Medizin verstehe sich in Deutschland zu sehr als Reparaturbetrieb, so der Mediziner. "Natürlich muss das erste Ziel die Heilung heilbarer Krankheiten sein", sagte Spies. Letztendlich sei das Ziel der Medizin aber, dass es Menschen besser gehe. Wo es – wie zum Beispiel bei Krebserkrankungen im Endstadium – keine Heilung mehr gebe, sei die Verbesserung der Lebensqualität vorrangige Aufgabe.
"Hier gibt es noch erheblichen Handlungsbedarf", so Spies weiter. Es dürfe in einem der reichsten Länder nicht vorkommen, dass Patienten in ihren letzten Lebenstagen oder Wochen allein zu Hause oder in nicht dafür ausgelegten Einrichtungen mehr schlecht als recht versorgt werden.
"In dieser Situation gibt es einen ganz anderen Bedarf der Kranken: vor allem keine Schmerzen zu haben, Ruhe und menschlichen Beistand", unterstrich der SPD-Politiker. In vielen Krankenhäusern sei dies in der Alltagshektik kaum zu gewährleisten, obwohl sich alle Beteiligten ohne Zweifel auf das äußerste bemühen.
Auch die ambulante Versorgung sei häufig schwierig: so seien Angehörige – wenn denn vorhanden – nicht selten mit der Situation selbst überfordert. Gerade alleinstehende Patienten seien auf die ganz überwiegend ehrenamtlich geleistete Hilfe der Hospizdienste angewiesen. Auch die niedergelassenen Ärzte bräuchten Unterstützung, um in diesen Fällen die richtige Hilfe leisten zu können.
"Auch in der medizinischen Versorgungsforschung – im Gegensatz zur Grundlagenforschung – gibt es in Deutschland Nachholbedarf", erklärte Spieß. So stellten entsprechende Lehrstühle an den Hochschulen und Forschungsförderung noch immer eine seltene Ausnahme dar. Gerade Palliativmedizin aber bedürfe eines eigenen Denkansatzes, der dringend weiterer Forschung bedarf. Spies begrüßte die Initiative der Bundesgesundheitsministerin, gerade die Versorgungsforschung stärker zu fördern.

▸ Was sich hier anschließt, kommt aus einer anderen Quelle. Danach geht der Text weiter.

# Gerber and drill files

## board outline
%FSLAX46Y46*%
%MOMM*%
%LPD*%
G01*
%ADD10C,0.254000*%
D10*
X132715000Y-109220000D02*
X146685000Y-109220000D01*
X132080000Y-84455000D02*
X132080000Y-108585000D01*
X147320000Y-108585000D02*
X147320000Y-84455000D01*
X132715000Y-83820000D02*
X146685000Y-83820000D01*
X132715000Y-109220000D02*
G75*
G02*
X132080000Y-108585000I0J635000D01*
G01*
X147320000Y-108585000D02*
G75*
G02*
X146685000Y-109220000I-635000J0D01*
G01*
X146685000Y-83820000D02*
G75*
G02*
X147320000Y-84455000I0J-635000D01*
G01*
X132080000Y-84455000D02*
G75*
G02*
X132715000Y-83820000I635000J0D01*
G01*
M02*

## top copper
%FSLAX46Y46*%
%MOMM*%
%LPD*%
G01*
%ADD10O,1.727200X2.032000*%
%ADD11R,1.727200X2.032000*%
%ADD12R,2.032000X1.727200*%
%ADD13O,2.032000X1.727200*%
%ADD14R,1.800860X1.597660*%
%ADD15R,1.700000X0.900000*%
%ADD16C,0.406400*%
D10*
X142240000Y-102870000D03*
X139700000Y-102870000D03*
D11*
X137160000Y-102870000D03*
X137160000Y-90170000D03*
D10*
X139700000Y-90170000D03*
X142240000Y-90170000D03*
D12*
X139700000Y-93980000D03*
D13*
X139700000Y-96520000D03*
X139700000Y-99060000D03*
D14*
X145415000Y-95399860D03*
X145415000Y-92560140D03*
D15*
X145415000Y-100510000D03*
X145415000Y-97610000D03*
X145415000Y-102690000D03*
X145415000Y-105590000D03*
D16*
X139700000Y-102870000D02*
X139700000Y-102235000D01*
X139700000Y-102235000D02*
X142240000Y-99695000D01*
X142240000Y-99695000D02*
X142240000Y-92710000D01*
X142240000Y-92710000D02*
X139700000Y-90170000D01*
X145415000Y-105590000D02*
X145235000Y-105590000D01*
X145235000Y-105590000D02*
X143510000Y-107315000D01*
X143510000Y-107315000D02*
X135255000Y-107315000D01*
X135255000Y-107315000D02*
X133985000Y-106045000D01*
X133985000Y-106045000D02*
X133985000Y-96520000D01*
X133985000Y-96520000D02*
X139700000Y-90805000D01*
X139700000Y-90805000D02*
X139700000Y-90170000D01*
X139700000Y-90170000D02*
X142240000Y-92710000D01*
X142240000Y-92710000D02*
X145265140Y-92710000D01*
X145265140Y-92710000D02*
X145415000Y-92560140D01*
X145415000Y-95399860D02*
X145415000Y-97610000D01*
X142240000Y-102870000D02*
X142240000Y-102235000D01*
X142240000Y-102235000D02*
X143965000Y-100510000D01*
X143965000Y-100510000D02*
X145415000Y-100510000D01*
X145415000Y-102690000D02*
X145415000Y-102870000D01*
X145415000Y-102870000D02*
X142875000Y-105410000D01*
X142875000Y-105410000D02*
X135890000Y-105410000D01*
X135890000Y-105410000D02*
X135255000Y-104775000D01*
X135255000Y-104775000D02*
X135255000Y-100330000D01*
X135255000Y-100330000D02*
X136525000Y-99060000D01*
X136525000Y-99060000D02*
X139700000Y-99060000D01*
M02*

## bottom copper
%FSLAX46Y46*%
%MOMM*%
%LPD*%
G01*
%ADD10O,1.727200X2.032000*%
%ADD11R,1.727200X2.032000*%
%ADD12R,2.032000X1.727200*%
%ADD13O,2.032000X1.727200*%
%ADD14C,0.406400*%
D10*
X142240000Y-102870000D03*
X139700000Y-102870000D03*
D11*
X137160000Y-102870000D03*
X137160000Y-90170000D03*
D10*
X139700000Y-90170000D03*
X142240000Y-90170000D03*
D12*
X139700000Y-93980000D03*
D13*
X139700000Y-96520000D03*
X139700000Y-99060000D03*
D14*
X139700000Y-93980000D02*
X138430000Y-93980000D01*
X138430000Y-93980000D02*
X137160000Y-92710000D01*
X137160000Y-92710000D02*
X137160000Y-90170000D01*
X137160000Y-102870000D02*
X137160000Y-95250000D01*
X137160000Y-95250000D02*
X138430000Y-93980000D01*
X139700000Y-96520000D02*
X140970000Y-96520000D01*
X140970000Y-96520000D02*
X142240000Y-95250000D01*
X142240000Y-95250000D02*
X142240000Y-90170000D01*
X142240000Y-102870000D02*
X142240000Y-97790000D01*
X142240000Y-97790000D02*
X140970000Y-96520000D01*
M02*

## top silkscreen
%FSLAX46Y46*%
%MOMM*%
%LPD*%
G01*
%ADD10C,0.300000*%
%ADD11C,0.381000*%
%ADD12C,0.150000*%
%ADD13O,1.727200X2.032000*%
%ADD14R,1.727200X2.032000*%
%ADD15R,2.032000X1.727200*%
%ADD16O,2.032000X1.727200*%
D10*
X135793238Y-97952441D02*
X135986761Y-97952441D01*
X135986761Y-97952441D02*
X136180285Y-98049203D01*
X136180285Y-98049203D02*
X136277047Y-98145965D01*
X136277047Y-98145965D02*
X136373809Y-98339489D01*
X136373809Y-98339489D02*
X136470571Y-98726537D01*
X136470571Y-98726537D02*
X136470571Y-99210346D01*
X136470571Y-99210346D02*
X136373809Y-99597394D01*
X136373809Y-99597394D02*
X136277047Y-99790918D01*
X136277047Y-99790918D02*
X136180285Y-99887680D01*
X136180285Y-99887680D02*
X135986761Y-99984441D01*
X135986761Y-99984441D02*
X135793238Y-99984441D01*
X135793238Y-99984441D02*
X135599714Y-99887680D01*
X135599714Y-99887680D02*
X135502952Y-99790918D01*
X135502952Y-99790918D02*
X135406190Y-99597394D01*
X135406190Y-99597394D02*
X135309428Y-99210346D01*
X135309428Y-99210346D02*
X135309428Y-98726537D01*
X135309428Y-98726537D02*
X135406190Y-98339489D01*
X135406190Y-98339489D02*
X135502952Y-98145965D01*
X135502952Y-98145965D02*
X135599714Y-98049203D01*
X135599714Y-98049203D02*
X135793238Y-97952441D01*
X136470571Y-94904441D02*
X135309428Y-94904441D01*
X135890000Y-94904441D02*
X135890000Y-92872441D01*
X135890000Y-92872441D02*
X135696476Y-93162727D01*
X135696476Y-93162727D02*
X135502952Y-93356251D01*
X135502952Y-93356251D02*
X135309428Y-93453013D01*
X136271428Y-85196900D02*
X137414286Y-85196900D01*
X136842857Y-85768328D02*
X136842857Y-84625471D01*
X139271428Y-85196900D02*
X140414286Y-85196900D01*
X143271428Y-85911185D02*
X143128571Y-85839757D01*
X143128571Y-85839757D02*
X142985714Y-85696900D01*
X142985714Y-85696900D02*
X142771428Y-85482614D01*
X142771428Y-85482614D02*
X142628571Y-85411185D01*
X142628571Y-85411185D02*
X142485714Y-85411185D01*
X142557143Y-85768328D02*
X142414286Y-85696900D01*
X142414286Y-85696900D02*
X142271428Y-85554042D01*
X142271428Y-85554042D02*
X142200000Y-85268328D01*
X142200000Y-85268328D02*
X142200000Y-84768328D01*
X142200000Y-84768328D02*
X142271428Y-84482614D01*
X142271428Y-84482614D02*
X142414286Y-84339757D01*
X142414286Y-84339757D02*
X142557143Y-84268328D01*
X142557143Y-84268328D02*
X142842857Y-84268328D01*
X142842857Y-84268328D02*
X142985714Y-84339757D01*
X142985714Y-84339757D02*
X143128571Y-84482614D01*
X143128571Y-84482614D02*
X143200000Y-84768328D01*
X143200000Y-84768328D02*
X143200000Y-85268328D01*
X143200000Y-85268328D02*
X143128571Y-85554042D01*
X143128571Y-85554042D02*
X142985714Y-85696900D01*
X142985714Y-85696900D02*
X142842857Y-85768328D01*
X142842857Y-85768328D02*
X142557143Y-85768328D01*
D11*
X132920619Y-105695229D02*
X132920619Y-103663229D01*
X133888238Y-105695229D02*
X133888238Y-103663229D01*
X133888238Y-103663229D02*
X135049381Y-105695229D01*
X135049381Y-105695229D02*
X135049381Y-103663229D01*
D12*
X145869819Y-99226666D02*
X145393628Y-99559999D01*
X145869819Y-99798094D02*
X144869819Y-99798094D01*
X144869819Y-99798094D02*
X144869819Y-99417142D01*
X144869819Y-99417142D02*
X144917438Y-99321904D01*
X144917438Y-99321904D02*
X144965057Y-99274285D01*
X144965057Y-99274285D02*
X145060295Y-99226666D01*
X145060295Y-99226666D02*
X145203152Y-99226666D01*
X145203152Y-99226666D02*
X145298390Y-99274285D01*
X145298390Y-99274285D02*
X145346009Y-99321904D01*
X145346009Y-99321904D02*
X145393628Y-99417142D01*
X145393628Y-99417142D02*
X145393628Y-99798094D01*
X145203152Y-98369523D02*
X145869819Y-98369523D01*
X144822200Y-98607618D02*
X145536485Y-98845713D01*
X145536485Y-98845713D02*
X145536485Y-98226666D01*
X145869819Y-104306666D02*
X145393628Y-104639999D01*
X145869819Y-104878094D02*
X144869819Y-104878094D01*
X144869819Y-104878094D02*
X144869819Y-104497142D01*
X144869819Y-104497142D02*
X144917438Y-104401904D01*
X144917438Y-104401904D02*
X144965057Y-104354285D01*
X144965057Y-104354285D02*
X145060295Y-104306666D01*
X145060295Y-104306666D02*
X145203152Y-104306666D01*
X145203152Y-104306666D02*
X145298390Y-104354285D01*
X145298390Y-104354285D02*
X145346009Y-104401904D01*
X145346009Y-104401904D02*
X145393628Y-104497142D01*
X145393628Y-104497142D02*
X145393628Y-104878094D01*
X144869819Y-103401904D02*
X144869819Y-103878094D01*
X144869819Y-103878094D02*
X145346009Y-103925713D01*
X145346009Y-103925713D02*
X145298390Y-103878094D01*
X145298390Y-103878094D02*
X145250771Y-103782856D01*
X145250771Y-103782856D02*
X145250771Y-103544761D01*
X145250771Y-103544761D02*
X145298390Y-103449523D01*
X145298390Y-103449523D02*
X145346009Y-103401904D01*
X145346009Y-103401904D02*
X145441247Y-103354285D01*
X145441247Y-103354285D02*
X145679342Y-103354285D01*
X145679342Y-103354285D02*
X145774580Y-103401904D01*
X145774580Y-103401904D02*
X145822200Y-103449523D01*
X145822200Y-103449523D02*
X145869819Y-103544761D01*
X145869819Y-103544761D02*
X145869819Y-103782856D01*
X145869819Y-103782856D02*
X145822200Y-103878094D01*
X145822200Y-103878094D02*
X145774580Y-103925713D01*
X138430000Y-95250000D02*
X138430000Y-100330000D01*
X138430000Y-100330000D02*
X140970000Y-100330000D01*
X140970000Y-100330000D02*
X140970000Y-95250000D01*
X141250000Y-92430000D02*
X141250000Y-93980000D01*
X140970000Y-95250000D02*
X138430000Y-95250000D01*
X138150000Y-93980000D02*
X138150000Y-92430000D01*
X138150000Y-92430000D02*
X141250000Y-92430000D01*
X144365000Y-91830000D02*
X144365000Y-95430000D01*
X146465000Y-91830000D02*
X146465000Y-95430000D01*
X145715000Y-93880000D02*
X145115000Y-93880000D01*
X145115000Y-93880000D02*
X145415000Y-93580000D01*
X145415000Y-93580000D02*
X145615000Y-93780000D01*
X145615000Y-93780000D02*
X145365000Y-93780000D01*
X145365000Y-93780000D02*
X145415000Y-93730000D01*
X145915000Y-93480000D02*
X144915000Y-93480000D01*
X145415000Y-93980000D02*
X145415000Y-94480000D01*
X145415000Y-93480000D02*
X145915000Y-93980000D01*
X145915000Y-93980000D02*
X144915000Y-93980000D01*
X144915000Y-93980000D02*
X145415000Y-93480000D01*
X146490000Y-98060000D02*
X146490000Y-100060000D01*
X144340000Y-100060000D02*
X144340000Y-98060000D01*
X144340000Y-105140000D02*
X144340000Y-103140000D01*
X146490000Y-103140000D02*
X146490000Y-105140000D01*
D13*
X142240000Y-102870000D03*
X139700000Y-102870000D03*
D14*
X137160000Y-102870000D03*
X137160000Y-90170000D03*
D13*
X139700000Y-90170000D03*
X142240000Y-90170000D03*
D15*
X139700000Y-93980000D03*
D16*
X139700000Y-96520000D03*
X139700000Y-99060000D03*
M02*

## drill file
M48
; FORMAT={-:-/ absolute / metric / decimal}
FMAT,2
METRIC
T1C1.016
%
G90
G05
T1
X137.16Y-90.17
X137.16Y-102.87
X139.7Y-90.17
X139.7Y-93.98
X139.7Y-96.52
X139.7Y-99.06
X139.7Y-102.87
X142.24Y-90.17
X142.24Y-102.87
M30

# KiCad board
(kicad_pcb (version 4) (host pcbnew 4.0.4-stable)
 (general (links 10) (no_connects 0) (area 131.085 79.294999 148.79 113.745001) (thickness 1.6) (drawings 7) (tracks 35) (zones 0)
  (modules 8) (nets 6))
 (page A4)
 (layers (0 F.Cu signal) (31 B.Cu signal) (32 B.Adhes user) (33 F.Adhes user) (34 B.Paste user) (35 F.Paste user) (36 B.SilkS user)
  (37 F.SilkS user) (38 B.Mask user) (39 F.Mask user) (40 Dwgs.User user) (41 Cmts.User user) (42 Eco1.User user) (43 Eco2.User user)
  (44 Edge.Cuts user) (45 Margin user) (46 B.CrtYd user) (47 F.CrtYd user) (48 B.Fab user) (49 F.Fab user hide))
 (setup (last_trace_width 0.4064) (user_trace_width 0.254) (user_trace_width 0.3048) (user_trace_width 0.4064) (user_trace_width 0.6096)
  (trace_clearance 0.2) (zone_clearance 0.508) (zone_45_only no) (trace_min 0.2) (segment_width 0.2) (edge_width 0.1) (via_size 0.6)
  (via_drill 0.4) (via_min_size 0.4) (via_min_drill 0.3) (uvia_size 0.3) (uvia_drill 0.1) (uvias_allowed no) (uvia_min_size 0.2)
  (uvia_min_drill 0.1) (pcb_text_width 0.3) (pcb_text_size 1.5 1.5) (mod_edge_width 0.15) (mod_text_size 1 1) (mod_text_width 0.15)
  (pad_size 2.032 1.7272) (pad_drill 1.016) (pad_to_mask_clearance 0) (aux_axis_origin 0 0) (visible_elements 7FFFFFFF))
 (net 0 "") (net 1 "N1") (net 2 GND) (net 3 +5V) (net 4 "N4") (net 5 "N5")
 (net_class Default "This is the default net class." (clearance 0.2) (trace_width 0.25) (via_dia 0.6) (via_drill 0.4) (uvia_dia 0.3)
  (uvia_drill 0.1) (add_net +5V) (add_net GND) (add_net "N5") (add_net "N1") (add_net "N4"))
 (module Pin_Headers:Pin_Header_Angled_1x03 (layer F.Cu) (at 142.24 102.87 270)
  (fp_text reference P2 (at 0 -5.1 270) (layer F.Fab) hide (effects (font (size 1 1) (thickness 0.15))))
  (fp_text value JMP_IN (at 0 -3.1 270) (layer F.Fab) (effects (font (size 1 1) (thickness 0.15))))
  (pad 1 thru_hole oval (at 0 0 270) (size 2.032 1.7272) (drill 1.016) (layers *.Cu *.Mask F.SilkS) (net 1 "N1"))
  (pad 2 thru_hole oval (at 0 2.54 270) (size 2.032 1.7272) (drill 1.016) (layers *.Cu *.Mask F.SilkS) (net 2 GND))
  (pad 3 thru_hole rect (at 0 5.08 270) (size 2.032 1.7272) (drill 1.016) (layers *.Cu *.Mask F.SilkS) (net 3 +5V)))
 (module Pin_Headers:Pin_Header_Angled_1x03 (layer F.Cu) (at 137.16 90.17 90)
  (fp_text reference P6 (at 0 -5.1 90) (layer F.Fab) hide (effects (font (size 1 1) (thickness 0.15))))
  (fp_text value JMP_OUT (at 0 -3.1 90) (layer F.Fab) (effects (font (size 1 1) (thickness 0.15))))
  (pad 1 thru_hole rect (at 0 0 90) (size 2.032 1.7272) (drill 1.016) (layers *.Cu *.Mask F.SilkS) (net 3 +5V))
  (pad 2 thru_hole oval (at 0 2.54 90) (size 2.032 1.7272) (drill 1.016) (layers *.Cu *.Mask F.SilkS) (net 2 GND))
  (pad 3 thru_hole oval (at 0 5.08 90) (size 2.032 1.7272) (drill 1.016) (layers *.Cu *.Mask F.SilkS) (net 1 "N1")))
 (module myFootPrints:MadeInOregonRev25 (layer F.Cu) (at 144.145 96.52 90)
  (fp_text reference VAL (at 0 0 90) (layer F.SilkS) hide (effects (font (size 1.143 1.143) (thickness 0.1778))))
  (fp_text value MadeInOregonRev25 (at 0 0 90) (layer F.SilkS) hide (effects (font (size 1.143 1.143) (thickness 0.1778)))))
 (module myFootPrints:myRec (layer F.Cu) (at 139.7 96.52)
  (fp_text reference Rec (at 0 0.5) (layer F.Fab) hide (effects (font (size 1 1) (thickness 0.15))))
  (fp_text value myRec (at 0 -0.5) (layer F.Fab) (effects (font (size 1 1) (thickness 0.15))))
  (fp_line (start -6.985 12.7) (end 6.985 12.7) (layer Edge.Cuts) (width 0.254))
  (fp_line (start -7.62 -12.065) (end -7.62 12.065) (layer Edge.Cuts) (width 0.254))
  (fp_line (start 7.62 12.065) (end 7.62 -12.065) (layer Edge.Cuts) (width 0.254))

Die SPD Fraktion im hessischen Landtag hat daher einen Antrag eingebracht, zunächst einmal die konkrete Situation in Hessen zu erkunden. "Wer wirksam helfen will, der muss erst einmal die genaue Faktenlage kennen", so Spies. Mit den Erkenntnissen, die der Sozialpolitische Ausschuss auf diesem Wege erhalten will, gewinne man das nötige Wissen, um entsprechende Massnahmen einleiten zu können.
"Jeder Mensch hat das Recht, in seinen letzten Tagen und Stunden alle Hilfe zu erhalten, die er oder sie braucht", so Spies abschließend. Dies sicherzustellen, sei eine wichtige Aufgabe der Gesundheitspolitik.